## WORK TO COMPLETE
Find "X169878999Y-90979001D01*" and "X158559500Y-85852000D01*" in the records below. Copy the lines holding them and every line between, exactly, and no others.

## RECORDED DATA
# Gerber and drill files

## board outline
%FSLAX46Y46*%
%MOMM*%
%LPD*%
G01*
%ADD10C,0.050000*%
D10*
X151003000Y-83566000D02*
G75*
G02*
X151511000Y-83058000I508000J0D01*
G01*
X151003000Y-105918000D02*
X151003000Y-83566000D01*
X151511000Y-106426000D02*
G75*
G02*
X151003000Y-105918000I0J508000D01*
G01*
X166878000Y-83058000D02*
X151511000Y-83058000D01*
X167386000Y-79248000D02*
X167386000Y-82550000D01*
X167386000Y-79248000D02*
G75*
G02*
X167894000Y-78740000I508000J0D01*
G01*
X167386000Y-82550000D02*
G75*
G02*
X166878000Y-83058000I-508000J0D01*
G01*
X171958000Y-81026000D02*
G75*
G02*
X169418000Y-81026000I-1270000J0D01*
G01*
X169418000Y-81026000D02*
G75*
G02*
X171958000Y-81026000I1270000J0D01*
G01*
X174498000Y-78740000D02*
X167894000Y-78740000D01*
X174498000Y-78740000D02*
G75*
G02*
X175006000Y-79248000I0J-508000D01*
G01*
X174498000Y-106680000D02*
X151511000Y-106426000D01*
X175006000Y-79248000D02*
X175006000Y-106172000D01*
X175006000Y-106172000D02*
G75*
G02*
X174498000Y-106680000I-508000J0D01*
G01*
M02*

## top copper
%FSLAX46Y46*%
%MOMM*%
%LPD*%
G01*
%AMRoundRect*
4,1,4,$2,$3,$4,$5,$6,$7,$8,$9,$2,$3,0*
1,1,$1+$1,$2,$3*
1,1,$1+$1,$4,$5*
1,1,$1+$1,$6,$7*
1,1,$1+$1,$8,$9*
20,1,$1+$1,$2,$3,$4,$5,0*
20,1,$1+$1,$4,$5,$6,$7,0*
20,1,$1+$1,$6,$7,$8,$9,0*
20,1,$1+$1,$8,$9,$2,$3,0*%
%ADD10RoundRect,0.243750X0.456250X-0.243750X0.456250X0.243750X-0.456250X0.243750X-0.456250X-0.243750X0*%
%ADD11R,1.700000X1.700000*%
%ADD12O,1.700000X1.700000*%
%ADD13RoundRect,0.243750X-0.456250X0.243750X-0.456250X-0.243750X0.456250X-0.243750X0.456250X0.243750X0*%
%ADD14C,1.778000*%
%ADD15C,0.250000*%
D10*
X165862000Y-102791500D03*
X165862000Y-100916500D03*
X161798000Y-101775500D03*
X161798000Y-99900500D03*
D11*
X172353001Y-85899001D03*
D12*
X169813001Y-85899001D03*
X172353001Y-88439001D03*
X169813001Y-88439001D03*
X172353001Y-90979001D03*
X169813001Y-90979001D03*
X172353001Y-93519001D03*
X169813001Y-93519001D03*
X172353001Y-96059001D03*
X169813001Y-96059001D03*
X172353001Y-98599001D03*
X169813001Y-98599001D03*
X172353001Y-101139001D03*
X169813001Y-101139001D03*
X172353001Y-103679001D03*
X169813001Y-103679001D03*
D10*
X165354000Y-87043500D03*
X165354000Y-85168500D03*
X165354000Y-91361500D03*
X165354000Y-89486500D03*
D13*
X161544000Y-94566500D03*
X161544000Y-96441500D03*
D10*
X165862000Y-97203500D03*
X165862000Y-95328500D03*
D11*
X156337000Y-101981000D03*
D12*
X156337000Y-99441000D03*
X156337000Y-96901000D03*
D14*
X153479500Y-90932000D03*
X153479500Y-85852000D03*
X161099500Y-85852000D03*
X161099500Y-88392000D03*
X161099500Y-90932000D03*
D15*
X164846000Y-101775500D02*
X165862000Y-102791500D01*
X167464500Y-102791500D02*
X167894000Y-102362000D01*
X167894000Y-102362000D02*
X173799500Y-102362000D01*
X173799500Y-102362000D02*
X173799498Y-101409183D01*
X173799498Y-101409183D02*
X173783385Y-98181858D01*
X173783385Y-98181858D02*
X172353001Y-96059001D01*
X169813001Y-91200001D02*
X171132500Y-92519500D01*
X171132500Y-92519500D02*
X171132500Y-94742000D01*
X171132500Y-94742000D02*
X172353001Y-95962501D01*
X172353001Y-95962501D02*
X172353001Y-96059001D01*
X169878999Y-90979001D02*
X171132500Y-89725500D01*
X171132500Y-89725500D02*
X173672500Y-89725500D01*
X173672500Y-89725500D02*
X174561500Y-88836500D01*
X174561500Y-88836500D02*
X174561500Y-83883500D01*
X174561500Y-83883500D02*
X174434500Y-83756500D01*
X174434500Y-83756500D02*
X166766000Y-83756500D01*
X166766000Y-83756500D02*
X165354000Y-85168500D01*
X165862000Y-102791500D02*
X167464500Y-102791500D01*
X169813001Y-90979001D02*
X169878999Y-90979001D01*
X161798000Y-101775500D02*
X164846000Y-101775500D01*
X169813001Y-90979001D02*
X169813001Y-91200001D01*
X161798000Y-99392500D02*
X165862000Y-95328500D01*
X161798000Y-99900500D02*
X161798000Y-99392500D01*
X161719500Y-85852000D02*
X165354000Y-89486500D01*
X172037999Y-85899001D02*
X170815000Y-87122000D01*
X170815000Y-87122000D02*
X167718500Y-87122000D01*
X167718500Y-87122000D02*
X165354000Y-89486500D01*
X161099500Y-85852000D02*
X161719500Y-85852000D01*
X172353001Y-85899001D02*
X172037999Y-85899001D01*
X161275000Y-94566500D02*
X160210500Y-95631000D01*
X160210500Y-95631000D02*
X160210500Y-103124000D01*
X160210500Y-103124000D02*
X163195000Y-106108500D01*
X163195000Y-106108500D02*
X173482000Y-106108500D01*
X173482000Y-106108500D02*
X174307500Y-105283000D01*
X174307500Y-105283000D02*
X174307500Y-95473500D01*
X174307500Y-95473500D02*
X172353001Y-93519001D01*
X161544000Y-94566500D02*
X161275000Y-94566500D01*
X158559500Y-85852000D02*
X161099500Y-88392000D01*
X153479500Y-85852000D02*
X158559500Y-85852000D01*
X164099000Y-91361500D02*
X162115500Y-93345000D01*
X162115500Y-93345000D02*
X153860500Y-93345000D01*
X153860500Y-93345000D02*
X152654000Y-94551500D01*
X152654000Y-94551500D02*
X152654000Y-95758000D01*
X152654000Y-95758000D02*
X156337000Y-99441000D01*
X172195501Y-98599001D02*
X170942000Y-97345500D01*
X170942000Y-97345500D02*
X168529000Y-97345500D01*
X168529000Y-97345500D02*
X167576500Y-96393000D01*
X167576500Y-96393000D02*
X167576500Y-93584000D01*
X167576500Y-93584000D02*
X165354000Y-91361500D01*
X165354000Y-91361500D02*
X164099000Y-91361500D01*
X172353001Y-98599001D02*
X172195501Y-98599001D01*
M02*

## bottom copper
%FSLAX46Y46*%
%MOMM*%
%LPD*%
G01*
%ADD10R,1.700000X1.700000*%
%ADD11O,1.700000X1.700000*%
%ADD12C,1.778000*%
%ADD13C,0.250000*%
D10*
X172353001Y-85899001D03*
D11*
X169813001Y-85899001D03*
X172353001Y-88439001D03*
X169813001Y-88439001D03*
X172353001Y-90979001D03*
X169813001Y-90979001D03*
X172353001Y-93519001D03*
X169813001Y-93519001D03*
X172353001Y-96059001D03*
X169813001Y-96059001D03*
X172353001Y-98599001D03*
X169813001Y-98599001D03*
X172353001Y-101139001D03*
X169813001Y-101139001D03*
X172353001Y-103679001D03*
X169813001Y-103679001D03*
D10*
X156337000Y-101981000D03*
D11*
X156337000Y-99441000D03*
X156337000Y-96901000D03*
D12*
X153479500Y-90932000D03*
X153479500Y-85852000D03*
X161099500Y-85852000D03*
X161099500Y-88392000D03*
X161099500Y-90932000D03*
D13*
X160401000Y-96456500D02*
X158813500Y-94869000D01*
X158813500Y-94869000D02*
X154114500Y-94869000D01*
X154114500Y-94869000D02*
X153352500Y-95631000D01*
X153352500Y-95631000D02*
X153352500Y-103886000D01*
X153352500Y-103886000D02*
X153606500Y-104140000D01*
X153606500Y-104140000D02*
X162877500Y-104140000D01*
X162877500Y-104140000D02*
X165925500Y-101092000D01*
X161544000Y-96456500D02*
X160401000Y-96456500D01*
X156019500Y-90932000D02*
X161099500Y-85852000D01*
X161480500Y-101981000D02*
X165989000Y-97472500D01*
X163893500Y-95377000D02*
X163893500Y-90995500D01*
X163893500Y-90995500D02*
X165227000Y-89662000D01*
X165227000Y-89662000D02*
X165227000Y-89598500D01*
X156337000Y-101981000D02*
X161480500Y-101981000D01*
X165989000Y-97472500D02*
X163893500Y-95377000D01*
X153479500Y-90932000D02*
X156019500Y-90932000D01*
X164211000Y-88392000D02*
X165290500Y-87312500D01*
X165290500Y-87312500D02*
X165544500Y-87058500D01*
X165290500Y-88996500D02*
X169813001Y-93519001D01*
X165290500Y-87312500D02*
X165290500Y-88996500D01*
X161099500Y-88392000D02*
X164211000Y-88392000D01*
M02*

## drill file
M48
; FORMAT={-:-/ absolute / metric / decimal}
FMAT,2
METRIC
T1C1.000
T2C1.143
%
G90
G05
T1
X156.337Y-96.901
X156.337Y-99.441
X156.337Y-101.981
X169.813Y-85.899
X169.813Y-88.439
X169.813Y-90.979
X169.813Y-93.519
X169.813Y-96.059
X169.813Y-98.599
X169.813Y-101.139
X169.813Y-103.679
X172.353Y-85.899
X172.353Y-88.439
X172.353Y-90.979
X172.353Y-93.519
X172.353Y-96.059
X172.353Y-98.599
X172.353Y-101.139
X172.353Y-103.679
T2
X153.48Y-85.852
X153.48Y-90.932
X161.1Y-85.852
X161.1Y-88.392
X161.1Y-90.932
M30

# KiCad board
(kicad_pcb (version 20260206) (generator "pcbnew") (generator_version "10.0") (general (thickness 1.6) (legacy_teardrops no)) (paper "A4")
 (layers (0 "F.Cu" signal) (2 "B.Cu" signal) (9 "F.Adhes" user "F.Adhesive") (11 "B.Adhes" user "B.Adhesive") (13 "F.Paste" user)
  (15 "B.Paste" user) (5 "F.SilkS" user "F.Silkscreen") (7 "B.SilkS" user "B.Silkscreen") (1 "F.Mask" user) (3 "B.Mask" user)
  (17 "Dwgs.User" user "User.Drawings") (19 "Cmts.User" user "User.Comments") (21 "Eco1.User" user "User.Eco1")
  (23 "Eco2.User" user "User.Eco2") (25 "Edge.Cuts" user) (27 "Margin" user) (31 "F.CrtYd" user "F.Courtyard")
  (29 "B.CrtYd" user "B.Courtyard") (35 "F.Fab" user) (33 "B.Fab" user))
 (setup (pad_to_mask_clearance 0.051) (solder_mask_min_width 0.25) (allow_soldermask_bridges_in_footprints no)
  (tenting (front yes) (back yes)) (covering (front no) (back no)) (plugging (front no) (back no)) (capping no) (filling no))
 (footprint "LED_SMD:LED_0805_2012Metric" (layer "F.Cu") (at 165.862 101.854 90)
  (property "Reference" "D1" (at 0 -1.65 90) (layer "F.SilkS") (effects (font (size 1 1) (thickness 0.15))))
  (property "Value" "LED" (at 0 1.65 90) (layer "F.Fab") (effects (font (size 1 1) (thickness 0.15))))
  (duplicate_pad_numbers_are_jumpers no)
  (pad "1" smd roundrect (at -0.9375 0 90) (size 0.975 1.4) (layers "F.Cu" "F.Mask" "F.Paste") (roundrect_rratio 0.25) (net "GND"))
  (pad "2" smd roundrect (at 0.9375 0 90) (size 0.975 1.4) (layers "F.Cu" "F.Mask" "F.Paste") (roundrect_rratio 0.25) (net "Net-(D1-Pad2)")))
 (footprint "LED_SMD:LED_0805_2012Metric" (layer "F.Cu") (at 161.798 100.838 90)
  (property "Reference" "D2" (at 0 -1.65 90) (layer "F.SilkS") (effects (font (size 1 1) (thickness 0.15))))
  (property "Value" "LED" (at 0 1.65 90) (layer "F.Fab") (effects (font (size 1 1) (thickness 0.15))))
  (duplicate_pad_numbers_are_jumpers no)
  (pad "1" smd roundrect (at -0.9375 0 90) (size 0.975 1.4) (layers "F.Cu" "F.Mask" "F.Paste") (roundrect_rratio 0.25) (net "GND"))
  (pad "2" smd roundrect (at 0.9375 0 90) (size 0.975 1.4) (layers "F.Cu" "F.Mask" "F.Paste") (roundrect_rratio 0.25) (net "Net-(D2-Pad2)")))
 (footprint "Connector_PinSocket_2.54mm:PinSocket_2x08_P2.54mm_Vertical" (layer "F.Cu") (at 172.353001 85.899001)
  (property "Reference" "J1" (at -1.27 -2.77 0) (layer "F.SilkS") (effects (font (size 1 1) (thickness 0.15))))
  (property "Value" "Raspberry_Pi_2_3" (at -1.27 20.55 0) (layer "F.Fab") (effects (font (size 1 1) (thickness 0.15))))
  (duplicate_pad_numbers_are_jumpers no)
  (pad "1" thru_hole rect (at 0 0) (size 1.7 1.7) (drill 1) (layers "*.Cu" "*.Mask") (remove_unused_layers no) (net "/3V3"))
  (pad "2" thru_hole oval (at -2.54 0) (size 1.7 1.7) (drill 1) (layers "*.Cu" "*.Mask") (remove_unused_layers no) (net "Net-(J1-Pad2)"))
  (pad "3" thru_hole oval (at 0 2.54) (size 1.7 1.7) (drill 1) (layers "*.Cu" "*.Mask") (remove_unused_layers no) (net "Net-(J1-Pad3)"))
  (pad "4" thru_hole oval (at -2.54 2.54) (size 1.7 1.7) (drill 1) (layers "*.Cu" "*.Mask") (remove_unused_layers no) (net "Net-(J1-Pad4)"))
  (pad "5" thru_hole oval (at 0 5.08) (size 1.7 1.7) (drill 1) (layers "*.Cu" "*.Mask") (remove_unused_layers no) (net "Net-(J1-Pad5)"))
  (pad "6" thru_hole oval (at -2.54 5.08) (size 1.7 1.7) (drill 1) (layers "*.Cu" "*.Mask") (remove_unused_layers no) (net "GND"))
  (pad "7" thru_hole oval (at 0 7.62) (size 1.7 1.7) (drill 1) (layers "*.Cu" "*.Mask") (remove_unused_layers no) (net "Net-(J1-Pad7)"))
  (pad "8" thru_hole oval (at -2.54 7.62) (size 1.7 1.7) (drill 1) (layers "*.Cu" "*.Mask") (remove_unused_layers no) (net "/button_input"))
  (pad "9" thru_hole oval (at 0 10.16) (size 1.7 1.7) (drill 1) (layers "*.Cu" "*.Mask") (remove_unused_layers no) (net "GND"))
  (pad "10" thru_hole oval (at -2.54 10.16) (size 1.7 1.7) (drill 1) (layers "*.Cu" "*.Mask") (remove_unused_layers no)
   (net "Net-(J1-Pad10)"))
  (pad "11" thru_hole oval (at 0 12.7) (size 1.7 1.7) (drill 1) (layers "*.Cu" "*.Mask") (remove_unused_layers no) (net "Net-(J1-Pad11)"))
  (pad "12" thru_hole oval (at -2.54 12.7) (size 1.7 1.7) (drill 1) (layers "*.Cu" "*.Mask") (remove_unused_layers no)
   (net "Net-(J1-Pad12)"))
  (pad "13" thru_hole oval (at 0 15.24) (size 1.7 1.7) (drill 1) (layers "*.Cu" "*.Mask") (remove_unused_layers no) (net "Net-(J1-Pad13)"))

## EXPECTED OUTPUT
X169878999Y-90979001D01*
X161798000Y-101775500D02*
X164846000Y-101775500D01*
X169813001Y-90979001D02*
X169813001Y-91200001D01*
X161798000Y-99392500D02*
X165862000Y-95328500D01*
X161798000Y-99900500D02*
X161798000Y-99392500D01*
X161719500Y-85852000D02*
X165354000Y-89486500D01*
X172037999Y-85899001D02*
X170815000Y-87122000D01*
X170815000Y-87122000D02*
X167718500Y-87122000D01*
X167718500Y-87122000D02*
X165354000Y-89486500D01*
X161099500Y-85852000D02*
X161719500Y-85852000D01*
X172353001Y-85899001D02*
X172037999Y-85899001D01*
X161275000Y-94566500D02*
X160210500Y-95631000D01*
X160210500Y-95631000D02*
X160210500Y-103124000D01*
X160210500Y-103124000D02*
X163195000Y-106108500D01*
X163195000Y-106108500D02*
X173482000Y-106108500D01*
X173482000Y-106108500D02*
X174307500Y-105283000D01*
X174307500Y-105283000D02*
X174307500Y-95473500D01*
X174307500Y-95473500D02*
X172353001Y-93519001D01*
X161544000Y-94566500D02*
X161275000Y-94566500D01*
X158559500Y-85852000D02*
X161099500Y-88392000D01*
X153479500Y-85852000D02*
X158559500Y-85852000D01*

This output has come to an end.